### Task description
Working from the line that contains "(fp_text reference U1" down to the last line below, repeat each line exactly.

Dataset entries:
»»
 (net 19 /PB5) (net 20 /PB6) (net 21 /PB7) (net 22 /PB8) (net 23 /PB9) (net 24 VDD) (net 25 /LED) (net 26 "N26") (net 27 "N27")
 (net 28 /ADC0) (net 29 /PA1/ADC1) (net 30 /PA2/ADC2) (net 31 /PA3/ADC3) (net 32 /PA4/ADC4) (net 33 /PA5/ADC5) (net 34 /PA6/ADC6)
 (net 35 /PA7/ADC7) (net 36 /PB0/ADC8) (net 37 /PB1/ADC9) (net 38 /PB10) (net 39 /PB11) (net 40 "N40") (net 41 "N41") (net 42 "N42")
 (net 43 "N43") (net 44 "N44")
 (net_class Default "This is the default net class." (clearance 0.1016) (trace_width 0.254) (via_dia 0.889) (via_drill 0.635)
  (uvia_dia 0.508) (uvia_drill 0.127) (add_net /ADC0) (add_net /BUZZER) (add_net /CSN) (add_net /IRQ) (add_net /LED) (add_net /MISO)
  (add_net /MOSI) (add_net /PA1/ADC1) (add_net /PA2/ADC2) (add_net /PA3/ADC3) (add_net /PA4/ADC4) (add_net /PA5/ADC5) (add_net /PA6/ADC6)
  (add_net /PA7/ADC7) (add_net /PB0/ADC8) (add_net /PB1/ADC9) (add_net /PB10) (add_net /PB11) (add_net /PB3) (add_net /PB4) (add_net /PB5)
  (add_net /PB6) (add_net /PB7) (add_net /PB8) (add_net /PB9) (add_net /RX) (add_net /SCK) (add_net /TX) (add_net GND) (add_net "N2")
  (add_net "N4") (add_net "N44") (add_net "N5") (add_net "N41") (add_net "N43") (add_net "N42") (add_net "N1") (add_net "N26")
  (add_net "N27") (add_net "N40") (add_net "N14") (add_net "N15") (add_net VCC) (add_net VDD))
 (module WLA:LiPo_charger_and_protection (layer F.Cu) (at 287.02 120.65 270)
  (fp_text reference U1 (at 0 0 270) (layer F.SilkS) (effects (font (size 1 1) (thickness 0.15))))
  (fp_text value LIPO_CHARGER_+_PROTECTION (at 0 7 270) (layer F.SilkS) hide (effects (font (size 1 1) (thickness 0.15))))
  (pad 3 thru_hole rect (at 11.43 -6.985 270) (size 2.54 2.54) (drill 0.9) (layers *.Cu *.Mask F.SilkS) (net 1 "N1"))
««
### Response to the exercise
  (fp_text reference U1 (at 0 0 270) (layer F.SilkS) (effects (font (size 1 1) (thickness 0.15))))
  (fp_text value LIPO_CHARGER_+_PROTECTION (at 0 7 270) (layer F.SilkS) hide (effects (font (size 1 1) (thickness 0.15))))
  (pad 3 thru_hole rect (at 11.43 -6.985 270) (size 2.54 2.54) (drill 0.9) (layers *.Cu *.Mask F.SilkS) (net 1 "N1"))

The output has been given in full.